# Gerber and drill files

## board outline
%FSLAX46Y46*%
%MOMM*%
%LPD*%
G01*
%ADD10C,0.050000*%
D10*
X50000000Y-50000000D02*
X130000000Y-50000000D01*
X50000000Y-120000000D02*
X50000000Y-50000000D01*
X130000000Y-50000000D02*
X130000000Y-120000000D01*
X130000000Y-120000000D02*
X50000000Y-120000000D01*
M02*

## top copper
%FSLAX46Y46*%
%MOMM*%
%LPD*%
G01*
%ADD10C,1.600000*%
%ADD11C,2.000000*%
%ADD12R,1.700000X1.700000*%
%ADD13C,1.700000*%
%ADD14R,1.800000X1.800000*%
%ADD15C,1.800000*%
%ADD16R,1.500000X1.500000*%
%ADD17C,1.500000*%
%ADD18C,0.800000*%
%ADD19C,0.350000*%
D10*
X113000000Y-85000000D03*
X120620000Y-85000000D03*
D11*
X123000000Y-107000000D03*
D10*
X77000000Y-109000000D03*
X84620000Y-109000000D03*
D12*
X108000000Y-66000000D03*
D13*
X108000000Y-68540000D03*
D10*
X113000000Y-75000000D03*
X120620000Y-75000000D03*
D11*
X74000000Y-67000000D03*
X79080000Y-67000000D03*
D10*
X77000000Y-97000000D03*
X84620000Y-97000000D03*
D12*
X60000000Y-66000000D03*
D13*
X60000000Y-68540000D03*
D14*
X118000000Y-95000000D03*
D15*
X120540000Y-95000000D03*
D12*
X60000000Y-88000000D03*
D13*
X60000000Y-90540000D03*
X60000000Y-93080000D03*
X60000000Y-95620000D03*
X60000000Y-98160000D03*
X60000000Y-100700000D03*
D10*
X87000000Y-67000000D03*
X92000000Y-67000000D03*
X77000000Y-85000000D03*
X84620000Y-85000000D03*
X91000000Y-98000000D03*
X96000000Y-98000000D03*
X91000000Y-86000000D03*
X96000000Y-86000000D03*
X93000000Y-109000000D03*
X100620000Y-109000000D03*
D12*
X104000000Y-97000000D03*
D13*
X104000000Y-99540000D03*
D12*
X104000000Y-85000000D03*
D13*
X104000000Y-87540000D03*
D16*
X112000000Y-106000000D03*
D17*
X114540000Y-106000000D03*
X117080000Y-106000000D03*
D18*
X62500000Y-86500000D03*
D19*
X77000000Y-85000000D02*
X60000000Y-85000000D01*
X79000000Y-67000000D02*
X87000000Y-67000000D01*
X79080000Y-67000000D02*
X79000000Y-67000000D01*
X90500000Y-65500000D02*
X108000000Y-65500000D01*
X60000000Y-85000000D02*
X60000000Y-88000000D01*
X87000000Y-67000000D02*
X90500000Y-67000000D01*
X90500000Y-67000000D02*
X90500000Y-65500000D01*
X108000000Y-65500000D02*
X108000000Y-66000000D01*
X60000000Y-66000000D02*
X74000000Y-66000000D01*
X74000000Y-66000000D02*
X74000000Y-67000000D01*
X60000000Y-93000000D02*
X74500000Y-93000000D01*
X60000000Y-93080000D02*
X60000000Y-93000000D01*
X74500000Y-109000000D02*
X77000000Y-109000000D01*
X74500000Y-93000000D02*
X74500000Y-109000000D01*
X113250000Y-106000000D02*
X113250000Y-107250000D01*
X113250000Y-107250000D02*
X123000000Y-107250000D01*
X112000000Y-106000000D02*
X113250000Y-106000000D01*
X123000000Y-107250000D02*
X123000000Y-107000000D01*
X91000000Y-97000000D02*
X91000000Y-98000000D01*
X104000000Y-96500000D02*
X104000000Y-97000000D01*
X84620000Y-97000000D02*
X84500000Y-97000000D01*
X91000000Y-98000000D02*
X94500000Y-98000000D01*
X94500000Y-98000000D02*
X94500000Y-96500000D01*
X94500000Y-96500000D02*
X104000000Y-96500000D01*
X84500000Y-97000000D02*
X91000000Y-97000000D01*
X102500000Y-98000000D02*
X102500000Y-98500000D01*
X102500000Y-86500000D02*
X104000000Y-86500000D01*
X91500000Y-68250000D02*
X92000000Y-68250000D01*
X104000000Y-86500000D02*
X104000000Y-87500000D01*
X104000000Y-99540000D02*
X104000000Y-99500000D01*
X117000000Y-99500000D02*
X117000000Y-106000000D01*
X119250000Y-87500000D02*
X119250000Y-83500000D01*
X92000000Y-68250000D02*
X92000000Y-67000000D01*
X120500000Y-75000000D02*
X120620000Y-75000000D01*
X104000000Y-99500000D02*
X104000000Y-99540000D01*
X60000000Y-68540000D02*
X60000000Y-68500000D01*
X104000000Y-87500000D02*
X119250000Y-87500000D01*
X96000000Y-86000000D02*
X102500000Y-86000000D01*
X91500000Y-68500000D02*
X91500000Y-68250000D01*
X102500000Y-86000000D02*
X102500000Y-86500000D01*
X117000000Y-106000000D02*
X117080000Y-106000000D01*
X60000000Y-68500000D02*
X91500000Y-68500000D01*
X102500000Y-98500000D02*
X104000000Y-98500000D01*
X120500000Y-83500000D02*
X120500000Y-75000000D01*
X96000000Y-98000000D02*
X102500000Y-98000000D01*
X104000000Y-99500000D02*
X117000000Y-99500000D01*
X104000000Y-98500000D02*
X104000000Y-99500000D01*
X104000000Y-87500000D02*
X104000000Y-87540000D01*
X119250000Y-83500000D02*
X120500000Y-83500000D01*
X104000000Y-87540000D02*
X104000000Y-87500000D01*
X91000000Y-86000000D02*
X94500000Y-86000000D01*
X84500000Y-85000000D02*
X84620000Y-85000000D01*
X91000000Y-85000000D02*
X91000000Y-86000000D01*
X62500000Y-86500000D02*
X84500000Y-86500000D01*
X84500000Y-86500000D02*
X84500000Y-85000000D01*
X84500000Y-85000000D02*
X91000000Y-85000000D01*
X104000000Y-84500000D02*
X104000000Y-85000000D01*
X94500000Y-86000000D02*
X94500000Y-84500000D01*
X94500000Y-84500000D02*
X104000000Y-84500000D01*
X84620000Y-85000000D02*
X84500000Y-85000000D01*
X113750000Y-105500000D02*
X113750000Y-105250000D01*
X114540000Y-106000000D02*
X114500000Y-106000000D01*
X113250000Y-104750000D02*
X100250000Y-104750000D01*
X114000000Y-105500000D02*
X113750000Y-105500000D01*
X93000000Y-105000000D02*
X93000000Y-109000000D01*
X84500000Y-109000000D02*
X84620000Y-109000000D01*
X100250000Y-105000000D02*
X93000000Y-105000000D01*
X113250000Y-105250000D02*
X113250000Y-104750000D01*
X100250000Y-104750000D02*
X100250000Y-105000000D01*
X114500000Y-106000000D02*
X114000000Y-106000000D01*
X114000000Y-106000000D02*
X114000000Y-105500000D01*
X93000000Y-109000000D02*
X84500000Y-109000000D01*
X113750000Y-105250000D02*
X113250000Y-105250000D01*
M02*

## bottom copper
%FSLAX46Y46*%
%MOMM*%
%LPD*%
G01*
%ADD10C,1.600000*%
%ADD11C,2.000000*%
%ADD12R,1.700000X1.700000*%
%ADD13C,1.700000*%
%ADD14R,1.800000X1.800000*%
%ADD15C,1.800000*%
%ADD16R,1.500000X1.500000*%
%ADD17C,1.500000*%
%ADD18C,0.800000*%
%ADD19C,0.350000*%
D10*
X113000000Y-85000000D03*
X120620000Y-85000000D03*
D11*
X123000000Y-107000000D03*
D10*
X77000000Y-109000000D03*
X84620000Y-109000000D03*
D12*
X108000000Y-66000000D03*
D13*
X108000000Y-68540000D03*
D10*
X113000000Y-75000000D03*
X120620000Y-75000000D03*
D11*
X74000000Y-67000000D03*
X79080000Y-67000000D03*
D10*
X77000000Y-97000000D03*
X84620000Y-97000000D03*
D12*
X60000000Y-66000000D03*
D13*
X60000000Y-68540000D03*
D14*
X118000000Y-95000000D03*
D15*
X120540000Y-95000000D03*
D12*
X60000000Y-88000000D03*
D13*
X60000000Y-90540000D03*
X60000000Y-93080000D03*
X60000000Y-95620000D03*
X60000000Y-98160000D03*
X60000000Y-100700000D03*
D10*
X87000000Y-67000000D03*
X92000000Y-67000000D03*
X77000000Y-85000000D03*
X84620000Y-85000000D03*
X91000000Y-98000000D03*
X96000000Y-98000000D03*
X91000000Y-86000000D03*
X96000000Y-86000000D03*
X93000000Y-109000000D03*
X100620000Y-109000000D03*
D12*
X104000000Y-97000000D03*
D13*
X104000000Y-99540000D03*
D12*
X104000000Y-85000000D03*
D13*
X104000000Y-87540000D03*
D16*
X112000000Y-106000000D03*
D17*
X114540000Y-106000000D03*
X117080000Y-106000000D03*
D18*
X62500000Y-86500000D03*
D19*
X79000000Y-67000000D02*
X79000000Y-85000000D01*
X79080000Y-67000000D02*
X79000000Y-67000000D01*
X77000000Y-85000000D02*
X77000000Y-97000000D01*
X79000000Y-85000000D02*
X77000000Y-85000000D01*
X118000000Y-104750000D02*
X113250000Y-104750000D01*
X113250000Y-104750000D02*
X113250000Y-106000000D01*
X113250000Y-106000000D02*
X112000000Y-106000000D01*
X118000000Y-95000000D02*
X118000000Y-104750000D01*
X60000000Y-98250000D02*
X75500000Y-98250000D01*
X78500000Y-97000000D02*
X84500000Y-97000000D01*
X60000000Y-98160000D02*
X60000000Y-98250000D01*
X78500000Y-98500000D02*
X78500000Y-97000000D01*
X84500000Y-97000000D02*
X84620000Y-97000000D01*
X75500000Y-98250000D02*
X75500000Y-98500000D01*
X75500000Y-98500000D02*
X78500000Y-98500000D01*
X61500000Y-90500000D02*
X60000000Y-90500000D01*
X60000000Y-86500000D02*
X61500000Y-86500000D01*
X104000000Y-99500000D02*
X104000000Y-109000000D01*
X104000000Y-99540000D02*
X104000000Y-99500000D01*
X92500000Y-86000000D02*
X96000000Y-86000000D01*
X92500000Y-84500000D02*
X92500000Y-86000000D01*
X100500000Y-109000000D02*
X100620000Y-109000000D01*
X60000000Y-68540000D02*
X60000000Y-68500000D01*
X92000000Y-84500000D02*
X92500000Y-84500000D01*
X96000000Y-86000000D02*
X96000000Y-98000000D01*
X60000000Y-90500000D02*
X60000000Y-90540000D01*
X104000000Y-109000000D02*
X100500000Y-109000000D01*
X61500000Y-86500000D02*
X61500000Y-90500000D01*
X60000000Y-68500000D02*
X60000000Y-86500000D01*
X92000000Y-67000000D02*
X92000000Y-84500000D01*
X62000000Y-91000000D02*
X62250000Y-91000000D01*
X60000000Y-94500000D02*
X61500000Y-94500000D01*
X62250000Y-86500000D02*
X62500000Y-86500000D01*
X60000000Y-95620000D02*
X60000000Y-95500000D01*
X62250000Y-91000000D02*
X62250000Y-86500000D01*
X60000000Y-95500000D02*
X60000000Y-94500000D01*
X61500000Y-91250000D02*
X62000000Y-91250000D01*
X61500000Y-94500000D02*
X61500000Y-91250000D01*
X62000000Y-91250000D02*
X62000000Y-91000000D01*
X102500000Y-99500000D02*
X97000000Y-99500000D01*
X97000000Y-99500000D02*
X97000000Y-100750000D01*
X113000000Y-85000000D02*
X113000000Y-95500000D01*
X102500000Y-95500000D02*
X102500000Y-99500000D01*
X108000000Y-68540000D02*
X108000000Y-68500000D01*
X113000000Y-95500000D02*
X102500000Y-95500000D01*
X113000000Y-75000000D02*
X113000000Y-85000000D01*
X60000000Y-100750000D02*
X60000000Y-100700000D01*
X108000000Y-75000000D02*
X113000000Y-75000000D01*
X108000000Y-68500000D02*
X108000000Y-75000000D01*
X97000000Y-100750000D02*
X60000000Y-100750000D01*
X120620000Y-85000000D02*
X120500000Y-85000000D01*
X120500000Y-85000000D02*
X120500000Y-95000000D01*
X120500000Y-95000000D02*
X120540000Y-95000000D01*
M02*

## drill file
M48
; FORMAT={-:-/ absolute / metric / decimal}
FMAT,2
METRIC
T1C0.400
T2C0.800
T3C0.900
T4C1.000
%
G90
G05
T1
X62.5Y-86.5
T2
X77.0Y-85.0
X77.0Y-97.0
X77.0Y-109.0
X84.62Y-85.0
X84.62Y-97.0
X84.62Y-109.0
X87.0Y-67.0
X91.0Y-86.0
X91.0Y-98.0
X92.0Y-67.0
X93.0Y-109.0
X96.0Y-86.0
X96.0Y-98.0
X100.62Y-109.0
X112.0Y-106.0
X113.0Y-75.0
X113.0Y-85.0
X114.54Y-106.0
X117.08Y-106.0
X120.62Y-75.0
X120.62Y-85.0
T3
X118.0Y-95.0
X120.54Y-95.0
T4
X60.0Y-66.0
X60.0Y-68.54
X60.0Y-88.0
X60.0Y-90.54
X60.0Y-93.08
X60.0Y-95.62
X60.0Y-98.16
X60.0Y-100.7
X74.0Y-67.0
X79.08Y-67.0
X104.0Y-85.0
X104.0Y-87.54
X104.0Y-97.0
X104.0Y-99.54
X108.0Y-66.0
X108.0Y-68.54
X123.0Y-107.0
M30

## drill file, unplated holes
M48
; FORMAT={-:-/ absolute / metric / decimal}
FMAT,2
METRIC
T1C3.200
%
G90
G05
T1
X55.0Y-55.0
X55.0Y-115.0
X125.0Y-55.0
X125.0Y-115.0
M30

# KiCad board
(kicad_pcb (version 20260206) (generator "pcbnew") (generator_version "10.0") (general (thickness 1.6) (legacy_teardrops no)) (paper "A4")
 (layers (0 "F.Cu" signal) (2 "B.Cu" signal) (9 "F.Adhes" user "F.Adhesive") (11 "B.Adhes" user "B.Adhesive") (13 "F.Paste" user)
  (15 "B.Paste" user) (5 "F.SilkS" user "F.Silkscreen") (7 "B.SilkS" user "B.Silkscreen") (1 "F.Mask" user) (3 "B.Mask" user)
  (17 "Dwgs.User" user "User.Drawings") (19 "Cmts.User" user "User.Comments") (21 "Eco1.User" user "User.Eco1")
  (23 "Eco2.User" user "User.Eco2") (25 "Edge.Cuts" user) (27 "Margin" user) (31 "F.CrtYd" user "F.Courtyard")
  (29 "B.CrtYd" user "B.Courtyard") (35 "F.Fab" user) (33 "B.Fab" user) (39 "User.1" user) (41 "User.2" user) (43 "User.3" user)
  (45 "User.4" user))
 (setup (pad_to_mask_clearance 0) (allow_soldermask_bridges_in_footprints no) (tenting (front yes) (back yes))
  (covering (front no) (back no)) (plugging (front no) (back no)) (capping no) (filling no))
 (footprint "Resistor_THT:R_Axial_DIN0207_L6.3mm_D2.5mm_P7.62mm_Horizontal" (layer "F.Cu") (at 113 85)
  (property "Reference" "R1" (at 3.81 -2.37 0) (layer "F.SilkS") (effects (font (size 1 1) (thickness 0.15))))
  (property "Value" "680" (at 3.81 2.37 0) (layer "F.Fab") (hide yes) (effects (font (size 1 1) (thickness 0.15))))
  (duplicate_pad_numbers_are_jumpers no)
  (pad "1" thru_hole circle (at 0 0) (size 1.6 1.6) (drill 0.8) (layers "*.Cu" "*.Mask") (remove_unused_layers no) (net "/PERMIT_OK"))
  (pad "2" thru_hole circle (at 7.62 0) (size 1.6 1.6) (drill 0.8) (layers "*.Cu" "*.Mask") (remove_unused_layers no) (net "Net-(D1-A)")))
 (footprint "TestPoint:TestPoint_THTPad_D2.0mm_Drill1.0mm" (layer "F.Cu") (at 123 107)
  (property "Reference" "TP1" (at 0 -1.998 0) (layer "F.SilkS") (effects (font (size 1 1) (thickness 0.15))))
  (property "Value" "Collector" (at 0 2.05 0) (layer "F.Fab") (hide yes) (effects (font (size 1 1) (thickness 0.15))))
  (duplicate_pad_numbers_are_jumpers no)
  (pad "1" thru_hole circle (at 0 0) (size 2 2) (drill 1) (layers "*.Cu" "*.Mask") (remove_unused_layers no) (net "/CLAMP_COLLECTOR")))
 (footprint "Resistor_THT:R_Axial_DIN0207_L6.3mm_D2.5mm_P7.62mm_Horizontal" (layer "F.Cu") (at 77 109)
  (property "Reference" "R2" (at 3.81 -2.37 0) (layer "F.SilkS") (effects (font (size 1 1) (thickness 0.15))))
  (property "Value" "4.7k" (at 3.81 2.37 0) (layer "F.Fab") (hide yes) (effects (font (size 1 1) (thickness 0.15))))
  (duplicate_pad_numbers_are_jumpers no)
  (pad "1" thru_hole circle (at 0 0) (size 1.6 1.6) (drill 0.8) (layers "*.Cu" "*.Mask") (remove_unused_layers no) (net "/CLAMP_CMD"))
  (pad "2" thru_hole circle (at 7.62 0) (size 1.6 1.6) (drill 0.8) (layers "*.Cu" "*.Mask") (remove_unused_layers no) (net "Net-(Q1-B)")))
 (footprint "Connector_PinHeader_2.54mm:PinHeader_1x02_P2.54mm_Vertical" (layer "F.Cu") (at 108 66)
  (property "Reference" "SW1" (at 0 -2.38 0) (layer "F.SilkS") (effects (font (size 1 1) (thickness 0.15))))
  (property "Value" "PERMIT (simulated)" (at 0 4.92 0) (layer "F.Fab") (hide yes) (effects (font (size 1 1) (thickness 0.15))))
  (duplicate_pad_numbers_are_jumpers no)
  (pad "1" thru_hole rect (at 0 0) (size 1.7 1.7) (drill 1) (layers "*.Cu" "*.Mask") (remove_unused_layers no) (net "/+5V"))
━━━━━━━━━━
### WHAT YOU ARE ASKED TO DO
Scan the records above for the lines holding "X62500000Y-86500000D01*" and "X112.0Y-106.0". Transcribe those two and every line between them word for word, and no others.

### ANSWER TO THE PROBLEM
X62500000Y-86500000D01*
X60000000Y-95620000D02*
X60000000Y-95500000D01*
X62250000Y-91000000D02*
X62250000Y-86500000D01*
X60000000Y-95500000D02*
X60000000Y-94500000D01*
X61500000Y-91250000D02*
X62000000Y-91250000D01*
X61500000Y-94500000D02*
X61500000Y-91250000D01*
X62000000Y-91250000D02*
X62000000Y-91000000D01*
X102500000Y-99500000D02*
X97000000Y-99500000D01*
X97000000Y-99500000D02*
X97000000Y-100750000D01*
X113000000Y-85000000D02*
X113000000Y-95500000D01*
X102500000Y-95500000D02*
X102500000Y-99500000D01*
X108000000Y-68540000D02*
X108000000Y-68500000D01*
X113000000Y-95500000D02*
X102500000Y-95500000D01*
X113000000Y-75000000D02*
X113000000Y-85000000D01*
X60000000Y-100750000D02*
X60000000Y-100700000D01*
X108000000Y-75000000D02*
X113000000Y-75000000D01*
X108000000Y-68500000D02*
X108000000Y-75000000D01*
X97000000Y-100750000D02*
X60000000Y-100750000D01*
X120620000Y-85000000D02*
X120500000Y-85000000D01*
X120500000Y-85000000D02*
X120500000Y-95000000D01*
X120500000Y-95000000D02*
X120540000Y-95000000D01*
M02*

## drill file
M48
; FORMAT={-:-/ absolute / metric / decimal}
FMAT,2
METRIC
T1C0.400
T2C0.800
T3C0.900
T4C1.000
%
G90
G05
T1
X62.5Y-86.5
T2
X77.0Y-85.0
X77.0Y-97.0
X77.0Y-109.0
X84.62Y-85.0
X84.62Y-97.0
X84.62Y-109.0
X87.0Y-67.0
X91.0Y-86.0
X91.0Y-98.0
X92.0Y-67.0
X93.0Y-109.0
X96.0Y-86.0
X96.0Y-98.0
X100.62Y-109.0
X112.0Y-106.0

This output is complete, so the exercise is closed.